■ **WORK REQUEST**
Across the records below, count the lines that contain "CrtYd" and write down only the count.

(Beginning of DATA EXTRACTS)

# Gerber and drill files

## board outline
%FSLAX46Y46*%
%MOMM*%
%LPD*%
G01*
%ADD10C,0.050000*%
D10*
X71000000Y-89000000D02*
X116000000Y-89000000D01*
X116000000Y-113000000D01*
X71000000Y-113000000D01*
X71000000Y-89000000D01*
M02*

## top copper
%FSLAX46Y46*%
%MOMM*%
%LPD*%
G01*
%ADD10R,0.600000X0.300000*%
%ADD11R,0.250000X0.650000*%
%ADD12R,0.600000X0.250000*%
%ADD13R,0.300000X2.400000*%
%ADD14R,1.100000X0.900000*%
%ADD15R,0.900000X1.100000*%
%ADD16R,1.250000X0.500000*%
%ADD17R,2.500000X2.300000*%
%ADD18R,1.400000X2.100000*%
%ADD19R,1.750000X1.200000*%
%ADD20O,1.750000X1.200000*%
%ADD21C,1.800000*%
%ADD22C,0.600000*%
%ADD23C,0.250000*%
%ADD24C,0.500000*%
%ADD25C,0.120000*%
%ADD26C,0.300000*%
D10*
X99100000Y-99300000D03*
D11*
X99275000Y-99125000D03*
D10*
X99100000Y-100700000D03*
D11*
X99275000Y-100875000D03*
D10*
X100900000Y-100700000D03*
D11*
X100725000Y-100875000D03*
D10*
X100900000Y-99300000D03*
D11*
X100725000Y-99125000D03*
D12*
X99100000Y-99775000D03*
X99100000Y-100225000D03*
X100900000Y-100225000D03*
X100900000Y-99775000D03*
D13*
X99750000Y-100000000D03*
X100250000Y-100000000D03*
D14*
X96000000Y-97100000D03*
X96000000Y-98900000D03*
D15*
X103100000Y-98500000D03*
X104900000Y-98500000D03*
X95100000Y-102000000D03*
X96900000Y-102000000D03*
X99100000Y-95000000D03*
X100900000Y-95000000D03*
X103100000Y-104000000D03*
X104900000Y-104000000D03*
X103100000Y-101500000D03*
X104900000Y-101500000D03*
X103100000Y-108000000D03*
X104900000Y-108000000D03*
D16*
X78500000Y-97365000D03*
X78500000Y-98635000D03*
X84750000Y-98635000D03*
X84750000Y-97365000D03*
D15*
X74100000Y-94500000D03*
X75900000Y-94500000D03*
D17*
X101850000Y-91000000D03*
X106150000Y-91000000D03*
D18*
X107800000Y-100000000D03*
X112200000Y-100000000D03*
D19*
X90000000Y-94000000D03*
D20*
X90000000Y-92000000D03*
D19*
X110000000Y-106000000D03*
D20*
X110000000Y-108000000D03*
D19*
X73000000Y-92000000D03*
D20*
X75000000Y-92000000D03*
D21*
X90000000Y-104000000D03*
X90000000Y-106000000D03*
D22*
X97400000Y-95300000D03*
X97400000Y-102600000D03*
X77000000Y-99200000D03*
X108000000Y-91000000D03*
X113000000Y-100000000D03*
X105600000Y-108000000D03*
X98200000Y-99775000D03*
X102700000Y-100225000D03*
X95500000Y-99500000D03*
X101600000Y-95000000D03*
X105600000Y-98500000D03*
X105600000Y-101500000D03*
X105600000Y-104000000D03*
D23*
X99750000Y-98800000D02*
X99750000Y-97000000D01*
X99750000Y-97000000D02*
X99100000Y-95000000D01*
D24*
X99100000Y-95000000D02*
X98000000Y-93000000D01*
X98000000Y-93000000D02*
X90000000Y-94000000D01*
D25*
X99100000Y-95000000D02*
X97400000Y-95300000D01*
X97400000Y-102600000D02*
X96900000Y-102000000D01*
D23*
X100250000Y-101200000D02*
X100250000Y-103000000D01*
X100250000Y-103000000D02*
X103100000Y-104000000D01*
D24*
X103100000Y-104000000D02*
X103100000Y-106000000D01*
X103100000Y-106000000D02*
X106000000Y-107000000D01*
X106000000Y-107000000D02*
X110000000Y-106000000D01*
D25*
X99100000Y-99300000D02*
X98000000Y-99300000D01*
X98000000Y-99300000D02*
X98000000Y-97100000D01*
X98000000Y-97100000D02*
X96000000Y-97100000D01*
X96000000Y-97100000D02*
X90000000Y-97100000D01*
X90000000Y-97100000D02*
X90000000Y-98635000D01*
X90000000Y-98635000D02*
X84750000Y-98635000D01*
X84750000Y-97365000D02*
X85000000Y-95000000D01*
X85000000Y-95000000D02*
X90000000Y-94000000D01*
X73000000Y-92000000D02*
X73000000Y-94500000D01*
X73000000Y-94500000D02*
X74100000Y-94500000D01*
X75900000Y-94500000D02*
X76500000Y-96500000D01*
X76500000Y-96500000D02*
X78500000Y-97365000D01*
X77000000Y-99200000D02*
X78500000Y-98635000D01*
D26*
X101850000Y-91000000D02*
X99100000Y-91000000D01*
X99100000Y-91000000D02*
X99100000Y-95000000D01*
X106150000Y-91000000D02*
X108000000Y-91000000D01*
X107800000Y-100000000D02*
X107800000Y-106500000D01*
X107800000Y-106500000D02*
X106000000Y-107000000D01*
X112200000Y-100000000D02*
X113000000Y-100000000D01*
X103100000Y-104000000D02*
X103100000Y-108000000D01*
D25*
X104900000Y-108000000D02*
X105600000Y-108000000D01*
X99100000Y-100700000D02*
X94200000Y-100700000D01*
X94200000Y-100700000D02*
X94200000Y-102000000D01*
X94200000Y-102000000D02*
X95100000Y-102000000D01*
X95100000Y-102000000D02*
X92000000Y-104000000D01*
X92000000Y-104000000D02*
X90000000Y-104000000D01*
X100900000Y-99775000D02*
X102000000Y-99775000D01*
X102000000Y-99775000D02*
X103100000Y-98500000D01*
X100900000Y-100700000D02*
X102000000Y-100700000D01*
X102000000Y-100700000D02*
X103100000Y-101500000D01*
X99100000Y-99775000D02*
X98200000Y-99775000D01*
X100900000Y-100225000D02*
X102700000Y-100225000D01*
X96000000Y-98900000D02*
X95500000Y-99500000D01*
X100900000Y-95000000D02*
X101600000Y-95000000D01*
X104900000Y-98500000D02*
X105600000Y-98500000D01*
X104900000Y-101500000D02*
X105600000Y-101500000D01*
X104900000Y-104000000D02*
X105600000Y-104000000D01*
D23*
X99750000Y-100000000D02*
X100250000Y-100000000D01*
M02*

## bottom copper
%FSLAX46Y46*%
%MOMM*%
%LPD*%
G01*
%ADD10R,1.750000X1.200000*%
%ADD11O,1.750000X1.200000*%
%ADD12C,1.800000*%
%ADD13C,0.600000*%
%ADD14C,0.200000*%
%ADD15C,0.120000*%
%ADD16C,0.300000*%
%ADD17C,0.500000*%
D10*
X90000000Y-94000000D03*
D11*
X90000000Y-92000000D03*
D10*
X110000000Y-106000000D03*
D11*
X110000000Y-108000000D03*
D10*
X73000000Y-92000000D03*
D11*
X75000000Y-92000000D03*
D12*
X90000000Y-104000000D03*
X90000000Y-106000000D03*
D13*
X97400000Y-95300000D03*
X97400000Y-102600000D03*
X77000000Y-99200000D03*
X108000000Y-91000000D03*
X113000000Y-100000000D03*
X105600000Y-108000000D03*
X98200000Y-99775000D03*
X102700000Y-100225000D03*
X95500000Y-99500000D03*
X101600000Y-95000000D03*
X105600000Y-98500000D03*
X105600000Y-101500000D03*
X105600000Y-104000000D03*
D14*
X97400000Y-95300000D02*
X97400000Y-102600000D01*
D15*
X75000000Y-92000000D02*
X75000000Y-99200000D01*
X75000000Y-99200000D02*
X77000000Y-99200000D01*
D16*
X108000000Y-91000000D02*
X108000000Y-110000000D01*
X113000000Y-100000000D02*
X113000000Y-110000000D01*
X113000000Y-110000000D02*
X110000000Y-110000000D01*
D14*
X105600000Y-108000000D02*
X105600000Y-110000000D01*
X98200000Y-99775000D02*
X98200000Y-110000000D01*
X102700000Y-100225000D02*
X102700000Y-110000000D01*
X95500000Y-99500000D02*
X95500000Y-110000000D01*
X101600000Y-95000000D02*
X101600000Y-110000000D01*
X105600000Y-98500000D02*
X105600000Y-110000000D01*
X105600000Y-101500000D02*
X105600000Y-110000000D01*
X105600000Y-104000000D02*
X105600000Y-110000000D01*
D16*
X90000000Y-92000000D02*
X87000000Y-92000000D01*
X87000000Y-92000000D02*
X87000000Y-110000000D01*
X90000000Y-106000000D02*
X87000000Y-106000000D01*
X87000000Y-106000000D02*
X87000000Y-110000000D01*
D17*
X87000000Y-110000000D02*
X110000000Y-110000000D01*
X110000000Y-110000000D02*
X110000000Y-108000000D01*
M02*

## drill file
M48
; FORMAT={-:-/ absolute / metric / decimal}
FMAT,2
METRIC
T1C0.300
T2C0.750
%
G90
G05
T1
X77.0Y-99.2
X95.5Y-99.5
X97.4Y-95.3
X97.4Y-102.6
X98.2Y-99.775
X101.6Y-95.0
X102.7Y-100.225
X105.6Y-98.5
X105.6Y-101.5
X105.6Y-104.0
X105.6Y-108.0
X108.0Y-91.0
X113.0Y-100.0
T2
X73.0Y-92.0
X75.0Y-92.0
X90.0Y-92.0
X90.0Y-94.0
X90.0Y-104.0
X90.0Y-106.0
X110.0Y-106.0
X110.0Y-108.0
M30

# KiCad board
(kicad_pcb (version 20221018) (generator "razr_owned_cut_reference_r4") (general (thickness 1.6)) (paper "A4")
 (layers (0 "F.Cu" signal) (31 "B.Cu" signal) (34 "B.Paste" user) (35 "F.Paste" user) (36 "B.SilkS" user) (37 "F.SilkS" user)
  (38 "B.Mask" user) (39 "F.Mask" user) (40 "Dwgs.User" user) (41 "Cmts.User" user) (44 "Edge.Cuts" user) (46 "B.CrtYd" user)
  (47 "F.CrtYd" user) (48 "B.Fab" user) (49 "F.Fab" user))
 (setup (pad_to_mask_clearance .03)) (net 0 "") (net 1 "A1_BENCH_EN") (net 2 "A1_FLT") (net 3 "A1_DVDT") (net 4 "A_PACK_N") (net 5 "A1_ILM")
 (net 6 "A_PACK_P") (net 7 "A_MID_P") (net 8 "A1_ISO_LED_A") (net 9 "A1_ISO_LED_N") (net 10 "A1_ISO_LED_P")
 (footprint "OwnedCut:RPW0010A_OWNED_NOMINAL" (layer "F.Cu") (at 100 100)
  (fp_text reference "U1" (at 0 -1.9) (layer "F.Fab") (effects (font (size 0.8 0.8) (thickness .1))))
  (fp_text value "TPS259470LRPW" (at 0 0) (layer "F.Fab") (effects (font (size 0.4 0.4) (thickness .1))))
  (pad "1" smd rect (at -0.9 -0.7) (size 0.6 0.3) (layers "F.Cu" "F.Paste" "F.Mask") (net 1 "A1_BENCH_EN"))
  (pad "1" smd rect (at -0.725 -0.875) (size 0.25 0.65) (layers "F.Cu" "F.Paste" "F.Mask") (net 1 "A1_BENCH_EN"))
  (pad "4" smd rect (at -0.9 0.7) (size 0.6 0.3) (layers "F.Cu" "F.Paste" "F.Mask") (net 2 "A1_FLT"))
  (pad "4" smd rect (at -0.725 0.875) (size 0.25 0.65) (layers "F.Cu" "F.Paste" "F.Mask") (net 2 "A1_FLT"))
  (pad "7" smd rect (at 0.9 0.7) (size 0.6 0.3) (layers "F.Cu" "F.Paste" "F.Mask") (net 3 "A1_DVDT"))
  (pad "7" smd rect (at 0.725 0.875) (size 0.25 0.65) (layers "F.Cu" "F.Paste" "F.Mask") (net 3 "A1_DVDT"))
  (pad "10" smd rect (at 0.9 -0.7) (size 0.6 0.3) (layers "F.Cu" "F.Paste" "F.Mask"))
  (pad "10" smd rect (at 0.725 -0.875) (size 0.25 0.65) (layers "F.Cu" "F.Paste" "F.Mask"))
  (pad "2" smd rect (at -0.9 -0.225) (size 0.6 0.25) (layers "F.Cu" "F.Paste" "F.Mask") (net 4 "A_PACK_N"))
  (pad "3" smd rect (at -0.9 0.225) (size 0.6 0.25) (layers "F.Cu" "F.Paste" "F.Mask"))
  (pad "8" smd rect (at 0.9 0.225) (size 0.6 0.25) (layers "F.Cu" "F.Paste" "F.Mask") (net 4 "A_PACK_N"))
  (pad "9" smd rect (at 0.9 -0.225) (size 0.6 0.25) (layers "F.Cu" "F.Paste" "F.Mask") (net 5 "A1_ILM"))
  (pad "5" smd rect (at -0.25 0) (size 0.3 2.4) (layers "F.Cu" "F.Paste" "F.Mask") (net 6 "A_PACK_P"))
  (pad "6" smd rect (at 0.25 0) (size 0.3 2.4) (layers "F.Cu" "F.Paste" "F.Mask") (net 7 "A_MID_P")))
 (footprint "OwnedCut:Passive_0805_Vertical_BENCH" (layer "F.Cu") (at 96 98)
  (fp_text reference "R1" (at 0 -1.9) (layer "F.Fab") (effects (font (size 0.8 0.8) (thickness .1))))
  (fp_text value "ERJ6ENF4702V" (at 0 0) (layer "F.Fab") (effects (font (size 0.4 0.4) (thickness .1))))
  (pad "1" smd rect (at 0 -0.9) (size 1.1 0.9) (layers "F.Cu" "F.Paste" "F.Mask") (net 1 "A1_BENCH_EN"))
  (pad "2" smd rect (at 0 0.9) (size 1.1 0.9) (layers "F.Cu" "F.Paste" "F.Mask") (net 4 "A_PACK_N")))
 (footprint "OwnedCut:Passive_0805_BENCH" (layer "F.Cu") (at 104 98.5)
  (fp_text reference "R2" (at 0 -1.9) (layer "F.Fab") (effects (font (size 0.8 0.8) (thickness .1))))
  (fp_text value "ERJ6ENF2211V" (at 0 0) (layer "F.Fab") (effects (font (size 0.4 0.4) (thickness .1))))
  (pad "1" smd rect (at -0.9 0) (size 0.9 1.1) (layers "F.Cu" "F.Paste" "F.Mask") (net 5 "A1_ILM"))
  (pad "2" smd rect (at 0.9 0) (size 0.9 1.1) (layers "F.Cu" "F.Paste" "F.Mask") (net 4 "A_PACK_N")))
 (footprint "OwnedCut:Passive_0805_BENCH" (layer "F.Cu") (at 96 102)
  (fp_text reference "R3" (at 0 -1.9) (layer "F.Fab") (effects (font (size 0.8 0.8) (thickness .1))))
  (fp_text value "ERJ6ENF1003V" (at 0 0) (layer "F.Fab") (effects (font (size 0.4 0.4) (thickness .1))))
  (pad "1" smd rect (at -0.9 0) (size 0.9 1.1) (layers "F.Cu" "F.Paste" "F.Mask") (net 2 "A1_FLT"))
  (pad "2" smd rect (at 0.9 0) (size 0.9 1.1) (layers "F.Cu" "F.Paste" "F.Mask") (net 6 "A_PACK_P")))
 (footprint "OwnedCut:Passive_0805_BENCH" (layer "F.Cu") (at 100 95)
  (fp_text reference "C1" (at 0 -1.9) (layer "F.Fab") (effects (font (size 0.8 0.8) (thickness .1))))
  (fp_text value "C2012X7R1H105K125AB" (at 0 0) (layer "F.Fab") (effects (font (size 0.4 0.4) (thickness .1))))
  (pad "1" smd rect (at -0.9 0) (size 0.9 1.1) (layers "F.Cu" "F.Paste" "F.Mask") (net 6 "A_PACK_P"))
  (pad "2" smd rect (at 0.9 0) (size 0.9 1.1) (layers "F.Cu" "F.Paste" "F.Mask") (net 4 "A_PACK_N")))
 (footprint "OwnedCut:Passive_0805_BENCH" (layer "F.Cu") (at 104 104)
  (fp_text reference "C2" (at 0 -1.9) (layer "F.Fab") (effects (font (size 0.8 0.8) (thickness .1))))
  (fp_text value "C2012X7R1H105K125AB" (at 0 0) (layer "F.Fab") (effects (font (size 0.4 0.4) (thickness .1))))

(End of DATA EXTRACTS)

■ **SOLVED PROBLEM**
2